- Theatrical release poster
- Directed by: A. Kodandarami Reddy
- Screenplay by: A. Kodandarami Reddy
- Story by: G. Satyamurthy
- Produced by: K. Devi Vara Prasad
- Starring: Nandamuri Balakrishna Vijayashanti Sharada
- Cinematography: V. S. R. Swamy
- Edited by: Kotagiri Venkateswara Rao
- Music by: Chakravarthy
- Production company: Devi Films
- Release date: 10 February 1989;
- Running time: 151 minutes
- Country: India
- Language: Telugu

= Bhale Donga =

Bhale Donga is a 1989 Telugu-language action film produced by K. Devi Vara Prasad under the Devi Films banner, directed by A. Kodandarami Reddy. It stars Nandamuri Balakrishna, Vijayashanti and music composed by Chakravarthy. The film was also dubbed into Hindi under the title Qaidi no.1. The film was recorded as a Hit at the box office.

==Plot==
The film begins with a swashbuckling thief, Surendra, who is also a master of disguise. He always targets Vidhatha, the city's dictator, and SP Indrani, a spiteful Police officer, tracks him down. Surendra contracts a multi-specialty hospital for work free of cost with all this money. Dr. Rekha, the younger sister of Indrani, is inspired by Surendra's good heart and starts loving him. After several other successful attempts, Surendra is caught by Rekha one day, and when she questions him, he reveals his past. His father, an honest person, had collected donations from the town's people to construct the hospital with his partner Vidhatha.

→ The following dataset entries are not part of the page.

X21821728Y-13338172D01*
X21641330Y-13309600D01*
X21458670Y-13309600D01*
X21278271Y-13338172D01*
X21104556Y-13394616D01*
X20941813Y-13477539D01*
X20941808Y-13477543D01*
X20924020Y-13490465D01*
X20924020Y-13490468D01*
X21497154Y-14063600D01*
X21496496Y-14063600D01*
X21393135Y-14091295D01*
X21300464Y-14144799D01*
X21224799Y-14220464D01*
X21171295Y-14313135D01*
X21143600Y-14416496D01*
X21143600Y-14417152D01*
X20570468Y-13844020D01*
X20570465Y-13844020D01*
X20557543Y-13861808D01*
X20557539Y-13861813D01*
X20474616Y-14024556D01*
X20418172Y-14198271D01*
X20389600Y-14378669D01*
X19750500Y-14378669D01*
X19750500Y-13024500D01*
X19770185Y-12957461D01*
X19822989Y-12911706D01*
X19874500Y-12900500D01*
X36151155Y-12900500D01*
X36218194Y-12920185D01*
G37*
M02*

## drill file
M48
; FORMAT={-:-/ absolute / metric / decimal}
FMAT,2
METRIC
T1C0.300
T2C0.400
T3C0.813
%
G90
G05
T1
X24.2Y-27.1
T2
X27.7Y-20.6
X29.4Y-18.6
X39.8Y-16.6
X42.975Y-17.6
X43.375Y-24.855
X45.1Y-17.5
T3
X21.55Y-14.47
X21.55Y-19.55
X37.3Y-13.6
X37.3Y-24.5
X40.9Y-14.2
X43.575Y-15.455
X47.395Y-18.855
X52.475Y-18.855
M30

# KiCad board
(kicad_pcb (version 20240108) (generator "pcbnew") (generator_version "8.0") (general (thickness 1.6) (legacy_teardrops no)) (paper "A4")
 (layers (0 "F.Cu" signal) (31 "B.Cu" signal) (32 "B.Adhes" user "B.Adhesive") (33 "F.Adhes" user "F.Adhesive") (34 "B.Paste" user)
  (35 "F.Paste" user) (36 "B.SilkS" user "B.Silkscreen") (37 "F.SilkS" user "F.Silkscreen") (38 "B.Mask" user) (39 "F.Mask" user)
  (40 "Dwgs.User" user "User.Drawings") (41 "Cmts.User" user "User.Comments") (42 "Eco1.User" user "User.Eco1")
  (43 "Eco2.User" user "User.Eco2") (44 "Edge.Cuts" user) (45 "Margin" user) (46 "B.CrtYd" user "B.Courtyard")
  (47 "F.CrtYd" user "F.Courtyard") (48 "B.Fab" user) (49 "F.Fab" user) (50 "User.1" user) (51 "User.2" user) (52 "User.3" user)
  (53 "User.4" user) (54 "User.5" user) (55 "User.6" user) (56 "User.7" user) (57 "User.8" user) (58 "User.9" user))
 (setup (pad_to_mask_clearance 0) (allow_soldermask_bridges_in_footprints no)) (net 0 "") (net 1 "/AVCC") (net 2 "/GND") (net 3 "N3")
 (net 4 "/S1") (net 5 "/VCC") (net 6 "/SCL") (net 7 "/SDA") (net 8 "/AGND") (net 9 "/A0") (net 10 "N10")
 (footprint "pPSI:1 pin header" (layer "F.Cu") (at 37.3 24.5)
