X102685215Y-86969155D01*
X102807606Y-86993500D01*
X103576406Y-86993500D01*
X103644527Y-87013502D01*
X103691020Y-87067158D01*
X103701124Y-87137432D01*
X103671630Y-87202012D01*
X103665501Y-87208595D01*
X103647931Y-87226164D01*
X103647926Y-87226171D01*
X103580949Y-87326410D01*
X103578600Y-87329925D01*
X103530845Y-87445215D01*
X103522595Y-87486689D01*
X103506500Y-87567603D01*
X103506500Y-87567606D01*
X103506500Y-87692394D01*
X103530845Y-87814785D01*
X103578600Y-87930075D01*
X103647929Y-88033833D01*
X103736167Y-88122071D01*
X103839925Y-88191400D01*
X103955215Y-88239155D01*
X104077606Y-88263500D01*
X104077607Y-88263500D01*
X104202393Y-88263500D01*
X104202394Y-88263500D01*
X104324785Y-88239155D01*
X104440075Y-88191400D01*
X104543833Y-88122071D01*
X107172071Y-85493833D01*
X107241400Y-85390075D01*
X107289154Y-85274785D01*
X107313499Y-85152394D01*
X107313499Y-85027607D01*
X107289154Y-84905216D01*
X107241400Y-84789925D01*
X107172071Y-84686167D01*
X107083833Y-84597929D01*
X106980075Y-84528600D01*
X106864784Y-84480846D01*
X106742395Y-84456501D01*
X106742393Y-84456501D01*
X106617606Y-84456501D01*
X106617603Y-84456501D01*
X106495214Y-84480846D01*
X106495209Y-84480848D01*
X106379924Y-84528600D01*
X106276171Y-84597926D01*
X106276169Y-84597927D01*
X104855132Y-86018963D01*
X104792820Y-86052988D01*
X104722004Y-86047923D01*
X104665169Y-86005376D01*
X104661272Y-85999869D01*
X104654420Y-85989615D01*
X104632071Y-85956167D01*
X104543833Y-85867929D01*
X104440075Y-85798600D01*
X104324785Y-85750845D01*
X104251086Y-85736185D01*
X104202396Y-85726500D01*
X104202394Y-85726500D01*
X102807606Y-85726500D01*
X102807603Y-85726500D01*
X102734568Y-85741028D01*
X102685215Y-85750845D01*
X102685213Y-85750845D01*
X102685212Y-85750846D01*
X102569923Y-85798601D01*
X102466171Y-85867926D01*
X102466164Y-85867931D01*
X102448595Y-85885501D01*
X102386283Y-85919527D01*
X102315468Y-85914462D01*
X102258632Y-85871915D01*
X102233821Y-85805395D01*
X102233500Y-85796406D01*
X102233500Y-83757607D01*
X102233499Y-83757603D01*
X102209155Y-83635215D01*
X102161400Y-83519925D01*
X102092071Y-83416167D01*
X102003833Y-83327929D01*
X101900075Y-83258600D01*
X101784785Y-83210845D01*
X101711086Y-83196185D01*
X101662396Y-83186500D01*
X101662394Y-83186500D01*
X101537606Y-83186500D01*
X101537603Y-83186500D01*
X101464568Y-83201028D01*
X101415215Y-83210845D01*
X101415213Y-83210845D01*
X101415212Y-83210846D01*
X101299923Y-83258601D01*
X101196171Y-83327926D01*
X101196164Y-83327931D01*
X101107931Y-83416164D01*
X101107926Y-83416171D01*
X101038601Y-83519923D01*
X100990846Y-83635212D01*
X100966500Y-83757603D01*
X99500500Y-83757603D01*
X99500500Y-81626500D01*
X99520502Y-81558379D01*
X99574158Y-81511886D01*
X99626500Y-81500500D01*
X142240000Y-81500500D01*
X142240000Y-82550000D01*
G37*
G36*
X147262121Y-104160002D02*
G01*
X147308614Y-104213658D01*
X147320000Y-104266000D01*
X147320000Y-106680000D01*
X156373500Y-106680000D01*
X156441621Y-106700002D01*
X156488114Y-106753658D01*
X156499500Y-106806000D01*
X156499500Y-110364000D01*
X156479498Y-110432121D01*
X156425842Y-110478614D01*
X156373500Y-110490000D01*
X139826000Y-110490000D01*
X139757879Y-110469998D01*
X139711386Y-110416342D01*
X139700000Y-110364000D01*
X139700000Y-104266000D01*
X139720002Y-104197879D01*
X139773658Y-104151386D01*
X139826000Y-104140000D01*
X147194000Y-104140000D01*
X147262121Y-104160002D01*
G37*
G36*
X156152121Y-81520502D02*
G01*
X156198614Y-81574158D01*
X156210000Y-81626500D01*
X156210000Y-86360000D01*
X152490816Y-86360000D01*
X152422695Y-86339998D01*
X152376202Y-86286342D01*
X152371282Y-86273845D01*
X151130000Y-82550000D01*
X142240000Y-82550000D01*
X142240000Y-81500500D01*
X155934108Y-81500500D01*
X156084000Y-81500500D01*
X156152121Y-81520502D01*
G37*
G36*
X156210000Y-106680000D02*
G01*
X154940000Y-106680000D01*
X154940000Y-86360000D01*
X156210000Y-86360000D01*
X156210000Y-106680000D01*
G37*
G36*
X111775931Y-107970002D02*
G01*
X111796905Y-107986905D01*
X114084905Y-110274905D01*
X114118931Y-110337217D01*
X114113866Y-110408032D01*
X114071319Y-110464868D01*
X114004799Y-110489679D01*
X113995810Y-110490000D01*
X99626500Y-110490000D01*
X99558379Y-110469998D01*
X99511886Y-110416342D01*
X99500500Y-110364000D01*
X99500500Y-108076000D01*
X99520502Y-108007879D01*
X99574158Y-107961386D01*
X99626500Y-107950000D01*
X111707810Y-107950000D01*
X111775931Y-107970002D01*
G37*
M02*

Vidhatha had double-crossed him and stolen the entire account, placing the blame on his father, which led to his suicide. That is why Surendra is taking revenge against Vidhatha. In another attempt, Surendra is trapped and arrested by Indrani; she tells him that he had been doing this for his welfare only because she had a personal fight with Vidhatha, whose actual name is Vijay, who was her ex-lover, who had killed her parents and escaped from imprisonment. Now Surendra and Indrani join. Whether they can take revenge against Vidhatha and whether Surendra can complete the hospital forms the rest of the story.

==Cast==
- Nandamuri Balakrishna as Surendra
- Vijayashanti as Rekha
- Rao Gopal Rao as Viswanatham Master
- Sharada as SP Indrani
- Mohan Babu as Manmadha Rao
- Charan Raj as Vidhata / Vijay
- Ranganath as Surendra's father
- Annapurna as Purna
- Chalapathi Rao as Potharaju, Vidhata's henchman
- Brahmanandam as Surendra's henchmen
- Sri Lakshmi as Coolie
- Hema as Hema
- P. L. Narayana as Silpi Veerachari
- Sakshi Ranga Rao as Doctor
- Telephone Satyanarayana
- Hemasundar

==Soundtrack==

Music composed by Chakravarthy. Lyrics were written by Veturi. Music released on LEO Audio Company.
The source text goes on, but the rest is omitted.